DATA RECORDS section start
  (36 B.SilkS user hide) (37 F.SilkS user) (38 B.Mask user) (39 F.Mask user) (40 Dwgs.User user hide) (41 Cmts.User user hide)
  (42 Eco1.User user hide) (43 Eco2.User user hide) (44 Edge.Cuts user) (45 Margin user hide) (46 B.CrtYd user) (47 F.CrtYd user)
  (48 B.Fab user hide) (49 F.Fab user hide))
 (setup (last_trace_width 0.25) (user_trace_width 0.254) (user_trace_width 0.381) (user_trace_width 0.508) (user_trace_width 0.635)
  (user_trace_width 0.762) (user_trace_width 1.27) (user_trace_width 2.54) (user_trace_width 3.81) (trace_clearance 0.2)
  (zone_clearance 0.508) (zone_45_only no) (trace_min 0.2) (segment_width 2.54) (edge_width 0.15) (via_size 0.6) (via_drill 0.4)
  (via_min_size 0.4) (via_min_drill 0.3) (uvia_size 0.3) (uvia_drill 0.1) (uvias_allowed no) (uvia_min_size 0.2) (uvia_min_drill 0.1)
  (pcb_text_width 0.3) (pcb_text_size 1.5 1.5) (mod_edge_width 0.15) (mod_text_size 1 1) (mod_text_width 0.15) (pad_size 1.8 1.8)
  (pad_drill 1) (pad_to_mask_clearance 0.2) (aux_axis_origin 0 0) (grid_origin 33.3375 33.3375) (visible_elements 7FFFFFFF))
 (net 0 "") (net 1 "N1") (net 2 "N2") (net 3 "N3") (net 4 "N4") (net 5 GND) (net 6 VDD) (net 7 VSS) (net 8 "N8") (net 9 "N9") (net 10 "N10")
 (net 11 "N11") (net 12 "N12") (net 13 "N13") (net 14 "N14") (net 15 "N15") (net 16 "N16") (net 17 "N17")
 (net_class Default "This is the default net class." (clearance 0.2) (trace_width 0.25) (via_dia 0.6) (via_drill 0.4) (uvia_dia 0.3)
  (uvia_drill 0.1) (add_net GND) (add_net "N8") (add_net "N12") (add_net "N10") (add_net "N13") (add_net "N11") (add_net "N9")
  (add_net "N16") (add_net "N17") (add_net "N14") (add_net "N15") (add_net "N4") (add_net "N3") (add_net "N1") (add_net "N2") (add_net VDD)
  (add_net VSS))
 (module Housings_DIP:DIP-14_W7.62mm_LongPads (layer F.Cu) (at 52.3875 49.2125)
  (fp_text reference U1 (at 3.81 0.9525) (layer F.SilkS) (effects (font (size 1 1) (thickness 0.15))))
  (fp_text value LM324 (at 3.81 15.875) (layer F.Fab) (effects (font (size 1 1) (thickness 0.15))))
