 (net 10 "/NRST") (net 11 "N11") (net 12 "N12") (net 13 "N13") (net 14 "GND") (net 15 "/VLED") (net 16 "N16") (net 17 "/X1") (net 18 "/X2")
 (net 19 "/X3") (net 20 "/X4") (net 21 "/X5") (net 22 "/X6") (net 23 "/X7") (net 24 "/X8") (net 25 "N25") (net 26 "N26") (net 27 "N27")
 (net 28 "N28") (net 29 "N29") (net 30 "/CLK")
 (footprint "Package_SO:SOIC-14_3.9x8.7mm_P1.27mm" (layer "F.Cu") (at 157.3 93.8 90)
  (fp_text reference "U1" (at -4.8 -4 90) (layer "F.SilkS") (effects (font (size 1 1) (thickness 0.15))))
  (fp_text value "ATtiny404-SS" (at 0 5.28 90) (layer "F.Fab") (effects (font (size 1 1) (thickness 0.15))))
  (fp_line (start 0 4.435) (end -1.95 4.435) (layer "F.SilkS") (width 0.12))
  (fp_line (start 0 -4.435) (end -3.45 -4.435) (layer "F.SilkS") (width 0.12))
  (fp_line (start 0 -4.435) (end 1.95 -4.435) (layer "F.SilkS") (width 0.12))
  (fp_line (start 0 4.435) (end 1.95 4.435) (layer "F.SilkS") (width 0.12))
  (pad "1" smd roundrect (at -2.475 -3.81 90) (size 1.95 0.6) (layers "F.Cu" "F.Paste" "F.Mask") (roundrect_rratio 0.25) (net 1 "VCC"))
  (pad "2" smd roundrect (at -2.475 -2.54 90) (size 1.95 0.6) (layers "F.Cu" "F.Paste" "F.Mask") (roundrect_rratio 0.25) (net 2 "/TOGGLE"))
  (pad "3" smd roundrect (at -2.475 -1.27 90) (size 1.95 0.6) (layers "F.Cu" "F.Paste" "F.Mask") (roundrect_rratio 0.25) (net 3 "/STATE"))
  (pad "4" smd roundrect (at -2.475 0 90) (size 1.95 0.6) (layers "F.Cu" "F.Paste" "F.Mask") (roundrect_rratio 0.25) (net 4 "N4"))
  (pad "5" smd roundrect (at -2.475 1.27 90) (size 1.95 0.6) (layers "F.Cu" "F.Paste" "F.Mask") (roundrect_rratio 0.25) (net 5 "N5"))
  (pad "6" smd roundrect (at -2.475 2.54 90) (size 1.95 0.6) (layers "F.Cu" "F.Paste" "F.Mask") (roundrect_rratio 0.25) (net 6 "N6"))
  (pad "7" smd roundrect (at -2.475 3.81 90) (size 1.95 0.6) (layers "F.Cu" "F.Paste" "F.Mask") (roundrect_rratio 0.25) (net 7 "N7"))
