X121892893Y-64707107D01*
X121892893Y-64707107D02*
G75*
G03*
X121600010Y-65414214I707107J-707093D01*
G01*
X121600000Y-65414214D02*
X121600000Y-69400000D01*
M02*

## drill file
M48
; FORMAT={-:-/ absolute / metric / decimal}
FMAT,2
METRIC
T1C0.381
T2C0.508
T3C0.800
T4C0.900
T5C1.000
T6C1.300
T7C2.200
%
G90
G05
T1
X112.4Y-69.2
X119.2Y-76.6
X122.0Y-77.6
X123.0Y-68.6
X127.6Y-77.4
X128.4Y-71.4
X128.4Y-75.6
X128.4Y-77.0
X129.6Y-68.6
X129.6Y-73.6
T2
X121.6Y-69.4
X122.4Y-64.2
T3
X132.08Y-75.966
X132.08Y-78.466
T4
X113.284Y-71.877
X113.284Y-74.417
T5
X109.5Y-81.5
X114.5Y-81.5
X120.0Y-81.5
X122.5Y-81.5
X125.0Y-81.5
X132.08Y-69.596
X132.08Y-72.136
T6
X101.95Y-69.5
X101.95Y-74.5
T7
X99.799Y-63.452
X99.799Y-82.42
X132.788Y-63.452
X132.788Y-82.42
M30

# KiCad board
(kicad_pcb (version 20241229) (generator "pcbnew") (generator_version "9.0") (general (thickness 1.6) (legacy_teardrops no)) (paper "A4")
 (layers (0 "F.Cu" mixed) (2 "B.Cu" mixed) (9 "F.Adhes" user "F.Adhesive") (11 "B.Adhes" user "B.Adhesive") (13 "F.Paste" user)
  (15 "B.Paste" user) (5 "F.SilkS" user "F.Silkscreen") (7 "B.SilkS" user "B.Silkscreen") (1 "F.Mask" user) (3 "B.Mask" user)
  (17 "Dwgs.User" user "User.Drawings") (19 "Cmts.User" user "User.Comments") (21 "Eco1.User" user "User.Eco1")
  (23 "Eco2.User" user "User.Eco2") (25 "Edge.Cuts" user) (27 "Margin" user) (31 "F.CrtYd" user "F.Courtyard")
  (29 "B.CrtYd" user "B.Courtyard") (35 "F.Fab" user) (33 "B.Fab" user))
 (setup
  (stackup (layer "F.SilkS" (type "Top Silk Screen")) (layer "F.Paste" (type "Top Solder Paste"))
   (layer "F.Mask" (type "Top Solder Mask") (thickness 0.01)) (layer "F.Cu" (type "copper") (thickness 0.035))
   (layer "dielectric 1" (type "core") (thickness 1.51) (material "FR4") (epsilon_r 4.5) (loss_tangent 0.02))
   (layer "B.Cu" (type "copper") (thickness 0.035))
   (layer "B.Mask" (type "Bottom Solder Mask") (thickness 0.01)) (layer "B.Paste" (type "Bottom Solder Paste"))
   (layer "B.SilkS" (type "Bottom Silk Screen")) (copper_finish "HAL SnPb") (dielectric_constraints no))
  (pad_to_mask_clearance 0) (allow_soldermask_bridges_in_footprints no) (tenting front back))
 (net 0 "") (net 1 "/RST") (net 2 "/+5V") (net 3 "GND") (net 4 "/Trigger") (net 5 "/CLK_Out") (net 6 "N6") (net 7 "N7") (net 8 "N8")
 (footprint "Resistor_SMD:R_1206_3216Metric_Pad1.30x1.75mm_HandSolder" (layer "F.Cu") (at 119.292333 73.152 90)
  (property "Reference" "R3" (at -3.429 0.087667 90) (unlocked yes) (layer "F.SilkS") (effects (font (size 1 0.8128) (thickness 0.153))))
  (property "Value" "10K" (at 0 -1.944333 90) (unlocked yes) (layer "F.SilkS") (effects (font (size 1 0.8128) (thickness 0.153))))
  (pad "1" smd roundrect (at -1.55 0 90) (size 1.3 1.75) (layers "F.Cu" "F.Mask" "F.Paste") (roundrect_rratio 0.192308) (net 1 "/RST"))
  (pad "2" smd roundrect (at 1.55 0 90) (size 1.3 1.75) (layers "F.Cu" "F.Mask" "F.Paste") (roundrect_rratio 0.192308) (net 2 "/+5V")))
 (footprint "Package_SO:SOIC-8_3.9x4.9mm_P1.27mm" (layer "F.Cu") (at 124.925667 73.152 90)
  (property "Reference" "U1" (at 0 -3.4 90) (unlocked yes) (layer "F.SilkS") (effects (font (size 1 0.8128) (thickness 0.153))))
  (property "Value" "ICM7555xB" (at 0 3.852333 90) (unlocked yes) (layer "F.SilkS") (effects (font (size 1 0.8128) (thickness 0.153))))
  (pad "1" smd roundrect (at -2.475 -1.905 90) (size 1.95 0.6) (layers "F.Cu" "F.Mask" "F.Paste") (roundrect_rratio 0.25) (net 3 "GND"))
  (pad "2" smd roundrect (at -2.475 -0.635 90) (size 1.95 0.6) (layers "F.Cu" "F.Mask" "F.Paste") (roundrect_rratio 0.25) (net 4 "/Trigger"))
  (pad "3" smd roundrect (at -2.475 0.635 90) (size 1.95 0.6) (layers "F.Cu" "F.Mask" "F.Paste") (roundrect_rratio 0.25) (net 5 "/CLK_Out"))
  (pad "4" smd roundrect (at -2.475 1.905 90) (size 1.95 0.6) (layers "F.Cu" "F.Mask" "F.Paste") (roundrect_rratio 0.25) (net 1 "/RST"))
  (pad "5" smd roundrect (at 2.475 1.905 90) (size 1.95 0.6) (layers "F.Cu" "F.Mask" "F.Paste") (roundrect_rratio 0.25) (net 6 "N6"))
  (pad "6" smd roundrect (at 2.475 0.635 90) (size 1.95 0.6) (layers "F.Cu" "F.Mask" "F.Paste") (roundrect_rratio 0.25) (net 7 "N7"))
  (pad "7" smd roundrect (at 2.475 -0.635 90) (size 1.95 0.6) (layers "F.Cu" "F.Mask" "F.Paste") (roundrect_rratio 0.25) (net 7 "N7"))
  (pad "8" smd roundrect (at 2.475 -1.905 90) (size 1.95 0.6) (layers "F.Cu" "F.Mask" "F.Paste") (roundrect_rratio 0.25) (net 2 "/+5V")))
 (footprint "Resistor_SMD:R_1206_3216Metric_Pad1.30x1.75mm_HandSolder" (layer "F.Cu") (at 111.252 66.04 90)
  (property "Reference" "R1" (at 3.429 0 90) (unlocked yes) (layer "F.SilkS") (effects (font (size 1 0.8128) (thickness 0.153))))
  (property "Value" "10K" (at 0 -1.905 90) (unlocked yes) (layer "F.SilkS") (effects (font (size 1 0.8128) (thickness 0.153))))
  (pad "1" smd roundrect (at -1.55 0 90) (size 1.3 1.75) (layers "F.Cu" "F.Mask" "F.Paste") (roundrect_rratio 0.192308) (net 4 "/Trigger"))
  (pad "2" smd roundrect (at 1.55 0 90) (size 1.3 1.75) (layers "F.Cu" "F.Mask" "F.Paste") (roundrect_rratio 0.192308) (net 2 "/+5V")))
DATA RECORDS section end
From the data above, copy every line where "Trigger" appears.

 (net 0 "") (net 1 "/RST") (net 2 "/+5V") (net 3 "GND") (net 4 "/Trigger") (net 5 "/CLK_Out") (net 6 "N6") (net 7 "N7") (net 8 "N8")
  (pad "2" smd roundrect (at -2.475 -0.635 90) (size 1.95 0.6) (layers "F.Cu" "F.Mask" "F.Paste") (roundrect_rratio 0.25) (net 4 "/Trigger"))
  (pad "1" smd roundrect (at -1.55 0 90) (size 1.3 1.75) (layers "F.Cu" "F.Mask" "F.Paste") (roundrect_rratio 0.192308) (net 4 "/Trigger"))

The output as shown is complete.